● **Task statement**
Once the line containing "X124447671Y-66626202D01*" is found in the entries below, reproduce it and every line after it, stopping at and including the line containing "X123518414Y-66668444D01*"; reproduce nothing else, and keep each line exact.

(Stored data entries)
- Opening Delimiter -

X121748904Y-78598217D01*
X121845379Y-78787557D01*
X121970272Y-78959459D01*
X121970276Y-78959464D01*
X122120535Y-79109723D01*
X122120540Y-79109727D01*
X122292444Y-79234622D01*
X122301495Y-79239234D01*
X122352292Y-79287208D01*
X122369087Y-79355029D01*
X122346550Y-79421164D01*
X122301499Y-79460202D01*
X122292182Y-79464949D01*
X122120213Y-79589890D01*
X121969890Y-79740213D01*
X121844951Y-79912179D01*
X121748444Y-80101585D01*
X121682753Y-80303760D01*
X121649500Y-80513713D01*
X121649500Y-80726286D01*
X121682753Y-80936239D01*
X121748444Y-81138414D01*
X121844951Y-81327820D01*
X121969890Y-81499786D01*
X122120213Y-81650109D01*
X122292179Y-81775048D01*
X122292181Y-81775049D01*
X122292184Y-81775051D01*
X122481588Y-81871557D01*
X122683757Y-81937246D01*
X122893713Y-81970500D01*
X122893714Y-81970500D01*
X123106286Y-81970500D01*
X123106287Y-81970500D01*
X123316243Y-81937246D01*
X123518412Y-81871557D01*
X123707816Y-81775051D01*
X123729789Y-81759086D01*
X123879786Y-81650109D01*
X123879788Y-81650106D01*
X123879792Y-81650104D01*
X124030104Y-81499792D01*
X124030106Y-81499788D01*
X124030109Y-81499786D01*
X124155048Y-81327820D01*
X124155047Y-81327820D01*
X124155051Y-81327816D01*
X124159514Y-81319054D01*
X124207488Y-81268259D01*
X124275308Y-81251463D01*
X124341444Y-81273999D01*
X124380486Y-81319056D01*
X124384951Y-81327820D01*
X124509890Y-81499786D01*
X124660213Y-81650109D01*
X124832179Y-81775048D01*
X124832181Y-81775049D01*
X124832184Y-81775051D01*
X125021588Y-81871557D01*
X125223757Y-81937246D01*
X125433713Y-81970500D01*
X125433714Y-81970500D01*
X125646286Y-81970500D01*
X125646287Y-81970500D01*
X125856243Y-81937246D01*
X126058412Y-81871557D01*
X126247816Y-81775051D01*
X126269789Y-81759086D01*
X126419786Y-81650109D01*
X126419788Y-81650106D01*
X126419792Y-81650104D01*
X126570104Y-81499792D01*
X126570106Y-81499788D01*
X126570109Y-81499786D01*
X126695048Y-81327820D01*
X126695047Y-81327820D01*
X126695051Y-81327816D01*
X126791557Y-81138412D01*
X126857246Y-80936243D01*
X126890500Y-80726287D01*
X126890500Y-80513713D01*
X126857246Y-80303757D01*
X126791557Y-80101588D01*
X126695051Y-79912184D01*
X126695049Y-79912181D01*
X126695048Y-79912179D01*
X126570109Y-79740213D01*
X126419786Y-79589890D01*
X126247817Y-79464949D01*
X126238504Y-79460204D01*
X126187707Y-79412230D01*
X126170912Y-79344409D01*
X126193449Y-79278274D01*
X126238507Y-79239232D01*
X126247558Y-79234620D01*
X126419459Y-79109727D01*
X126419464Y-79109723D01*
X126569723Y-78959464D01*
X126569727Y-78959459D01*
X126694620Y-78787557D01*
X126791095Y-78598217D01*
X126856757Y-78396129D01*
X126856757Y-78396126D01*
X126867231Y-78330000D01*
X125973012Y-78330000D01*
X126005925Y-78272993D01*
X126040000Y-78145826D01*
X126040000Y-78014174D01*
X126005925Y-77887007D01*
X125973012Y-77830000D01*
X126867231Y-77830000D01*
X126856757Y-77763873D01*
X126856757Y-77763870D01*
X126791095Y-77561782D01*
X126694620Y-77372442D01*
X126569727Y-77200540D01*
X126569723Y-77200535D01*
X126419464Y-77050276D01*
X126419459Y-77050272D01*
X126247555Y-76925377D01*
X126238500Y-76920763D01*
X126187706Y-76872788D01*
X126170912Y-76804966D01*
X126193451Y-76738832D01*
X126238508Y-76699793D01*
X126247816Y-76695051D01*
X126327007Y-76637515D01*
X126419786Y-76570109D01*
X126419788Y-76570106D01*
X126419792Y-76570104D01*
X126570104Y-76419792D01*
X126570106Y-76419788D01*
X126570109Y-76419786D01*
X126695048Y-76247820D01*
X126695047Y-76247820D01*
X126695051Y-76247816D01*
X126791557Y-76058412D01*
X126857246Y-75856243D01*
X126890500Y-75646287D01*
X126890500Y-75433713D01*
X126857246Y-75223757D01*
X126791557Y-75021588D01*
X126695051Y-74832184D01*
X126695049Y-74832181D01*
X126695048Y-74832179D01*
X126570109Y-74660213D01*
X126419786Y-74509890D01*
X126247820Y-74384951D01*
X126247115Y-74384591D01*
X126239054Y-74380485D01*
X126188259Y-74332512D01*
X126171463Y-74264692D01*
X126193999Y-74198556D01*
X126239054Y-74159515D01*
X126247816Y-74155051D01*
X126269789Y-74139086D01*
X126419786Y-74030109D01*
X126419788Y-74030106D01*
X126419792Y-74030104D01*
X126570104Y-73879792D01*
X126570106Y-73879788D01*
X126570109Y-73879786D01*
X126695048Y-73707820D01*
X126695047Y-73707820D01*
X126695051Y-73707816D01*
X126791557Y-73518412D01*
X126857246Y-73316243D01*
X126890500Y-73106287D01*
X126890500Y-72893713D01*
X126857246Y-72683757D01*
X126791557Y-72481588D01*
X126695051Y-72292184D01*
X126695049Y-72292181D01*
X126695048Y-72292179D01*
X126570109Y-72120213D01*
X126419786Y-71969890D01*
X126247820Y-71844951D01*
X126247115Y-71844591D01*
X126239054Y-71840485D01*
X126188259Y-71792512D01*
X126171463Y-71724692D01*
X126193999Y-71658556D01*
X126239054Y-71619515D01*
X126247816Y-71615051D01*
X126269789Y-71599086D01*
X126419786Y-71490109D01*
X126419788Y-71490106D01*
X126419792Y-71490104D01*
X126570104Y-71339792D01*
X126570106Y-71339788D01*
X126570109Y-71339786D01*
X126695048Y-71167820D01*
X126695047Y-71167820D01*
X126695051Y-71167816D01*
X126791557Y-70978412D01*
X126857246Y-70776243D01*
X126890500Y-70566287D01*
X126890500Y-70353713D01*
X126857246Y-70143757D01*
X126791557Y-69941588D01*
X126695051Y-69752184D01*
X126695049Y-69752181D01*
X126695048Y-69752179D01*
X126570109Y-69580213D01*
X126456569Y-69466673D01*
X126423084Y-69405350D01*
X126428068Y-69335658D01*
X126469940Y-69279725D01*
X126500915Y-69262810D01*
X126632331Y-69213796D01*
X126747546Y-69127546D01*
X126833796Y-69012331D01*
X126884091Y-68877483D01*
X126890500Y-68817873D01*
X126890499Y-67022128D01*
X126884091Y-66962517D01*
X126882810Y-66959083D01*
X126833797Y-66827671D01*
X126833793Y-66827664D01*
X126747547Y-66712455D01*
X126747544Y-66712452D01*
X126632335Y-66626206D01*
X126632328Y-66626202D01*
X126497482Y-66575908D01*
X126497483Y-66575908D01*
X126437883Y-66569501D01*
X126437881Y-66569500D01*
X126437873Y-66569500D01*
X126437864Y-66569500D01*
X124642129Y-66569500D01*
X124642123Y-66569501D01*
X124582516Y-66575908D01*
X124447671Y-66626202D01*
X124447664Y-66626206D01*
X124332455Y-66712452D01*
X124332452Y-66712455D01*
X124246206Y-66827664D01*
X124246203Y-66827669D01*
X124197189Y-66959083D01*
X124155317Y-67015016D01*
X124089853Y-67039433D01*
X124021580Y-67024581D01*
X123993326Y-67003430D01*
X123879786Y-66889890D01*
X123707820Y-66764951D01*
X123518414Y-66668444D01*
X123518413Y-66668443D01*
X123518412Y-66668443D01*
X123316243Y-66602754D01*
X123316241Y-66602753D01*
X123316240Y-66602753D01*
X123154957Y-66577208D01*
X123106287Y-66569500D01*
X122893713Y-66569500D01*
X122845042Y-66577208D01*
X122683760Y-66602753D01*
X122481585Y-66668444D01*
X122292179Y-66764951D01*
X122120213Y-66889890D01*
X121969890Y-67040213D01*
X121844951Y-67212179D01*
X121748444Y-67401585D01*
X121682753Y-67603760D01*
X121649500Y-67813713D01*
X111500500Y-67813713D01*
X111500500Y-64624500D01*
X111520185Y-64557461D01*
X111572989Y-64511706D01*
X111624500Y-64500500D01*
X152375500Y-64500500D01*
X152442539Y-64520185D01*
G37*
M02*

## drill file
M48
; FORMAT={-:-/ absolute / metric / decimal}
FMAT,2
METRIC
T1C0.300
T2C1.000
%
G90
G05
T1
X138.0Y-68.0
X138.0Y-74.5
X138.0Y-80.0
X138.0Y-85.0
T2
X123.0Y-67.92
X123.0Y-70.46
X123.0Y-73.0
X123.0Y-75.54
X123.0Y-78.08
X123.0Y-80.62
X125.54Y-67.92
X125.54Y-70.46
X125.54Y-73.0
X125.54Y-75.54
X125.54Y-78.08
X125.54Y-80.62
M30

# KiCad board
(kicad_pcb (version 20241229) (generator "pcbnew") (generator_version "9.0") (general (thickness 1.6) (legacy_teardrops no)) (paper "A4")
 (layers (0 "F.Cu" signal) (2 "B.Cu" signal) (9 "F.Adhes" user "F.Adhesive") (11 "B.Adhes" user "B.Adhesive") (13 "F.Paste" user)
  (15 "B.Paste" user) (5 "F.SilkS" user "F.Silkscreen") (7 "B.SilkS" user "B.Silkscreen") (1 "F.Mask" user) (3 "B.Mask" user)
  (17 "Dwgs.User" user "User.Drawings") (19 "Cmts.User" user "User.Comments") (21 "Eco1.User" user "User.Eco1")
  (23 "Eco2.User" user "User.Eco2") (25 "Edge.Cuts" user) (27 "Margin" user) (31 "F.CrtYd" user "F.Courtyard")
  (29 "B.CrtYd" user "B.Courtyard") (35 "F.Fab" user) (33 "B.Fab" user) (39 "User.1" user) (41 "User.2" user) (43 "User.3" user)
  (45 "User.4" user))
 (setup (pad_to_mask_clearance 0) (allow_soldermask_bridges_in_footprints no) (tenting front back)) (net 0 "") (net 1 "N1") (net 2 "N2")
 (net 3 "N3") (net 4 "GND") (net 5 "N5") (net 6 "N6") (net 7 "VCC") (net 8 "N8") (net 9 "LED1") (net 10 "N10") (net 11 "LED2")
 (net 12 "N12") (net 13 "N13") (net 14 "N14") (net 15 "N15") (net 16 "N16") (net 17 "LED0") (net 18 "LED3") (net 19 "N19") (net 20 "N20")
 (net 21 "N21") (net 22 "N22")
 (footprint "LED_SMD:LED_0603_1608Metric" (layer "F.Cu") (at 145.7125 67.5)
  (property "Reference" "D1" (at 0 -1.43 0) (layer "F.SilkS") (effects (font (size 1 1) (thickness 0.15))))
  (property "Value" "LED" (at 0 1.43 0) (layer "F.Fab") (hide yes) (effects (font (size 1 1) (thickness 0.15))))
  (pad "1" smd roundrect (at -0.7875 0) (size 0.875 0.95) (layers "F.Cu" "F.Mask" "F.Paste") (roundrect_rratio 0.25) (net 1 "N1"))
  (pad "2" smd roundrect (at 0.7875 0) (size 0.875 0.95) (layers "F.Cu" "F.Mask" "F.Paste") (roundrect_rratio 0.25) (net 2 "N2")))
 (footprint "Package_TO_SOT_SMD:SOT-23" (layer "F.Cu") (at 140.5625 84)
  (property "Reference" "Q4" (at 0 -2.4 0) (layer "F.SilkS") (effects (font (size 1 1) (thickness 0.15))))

- Closing Delimiter -

● **Response to the exercise**
X124447671Y-66626202D01*
X124447664Y-66626206D01*
X124332455Y-66712452D01*
X124332452Y-66712455D01*
X124246206Y-66827664D01*
X124246203Y-66827669D01*
X124197189Y-66959083D01*
X124155317Y-67015016D01*
X124089853Y-67039433D01*
X124021580Y-67024581D01*
X123993326Y-67003430D01*
X123879786Y-66889890D01*
X123707820Y-66764951D01*
X123518414Y-66668444D01*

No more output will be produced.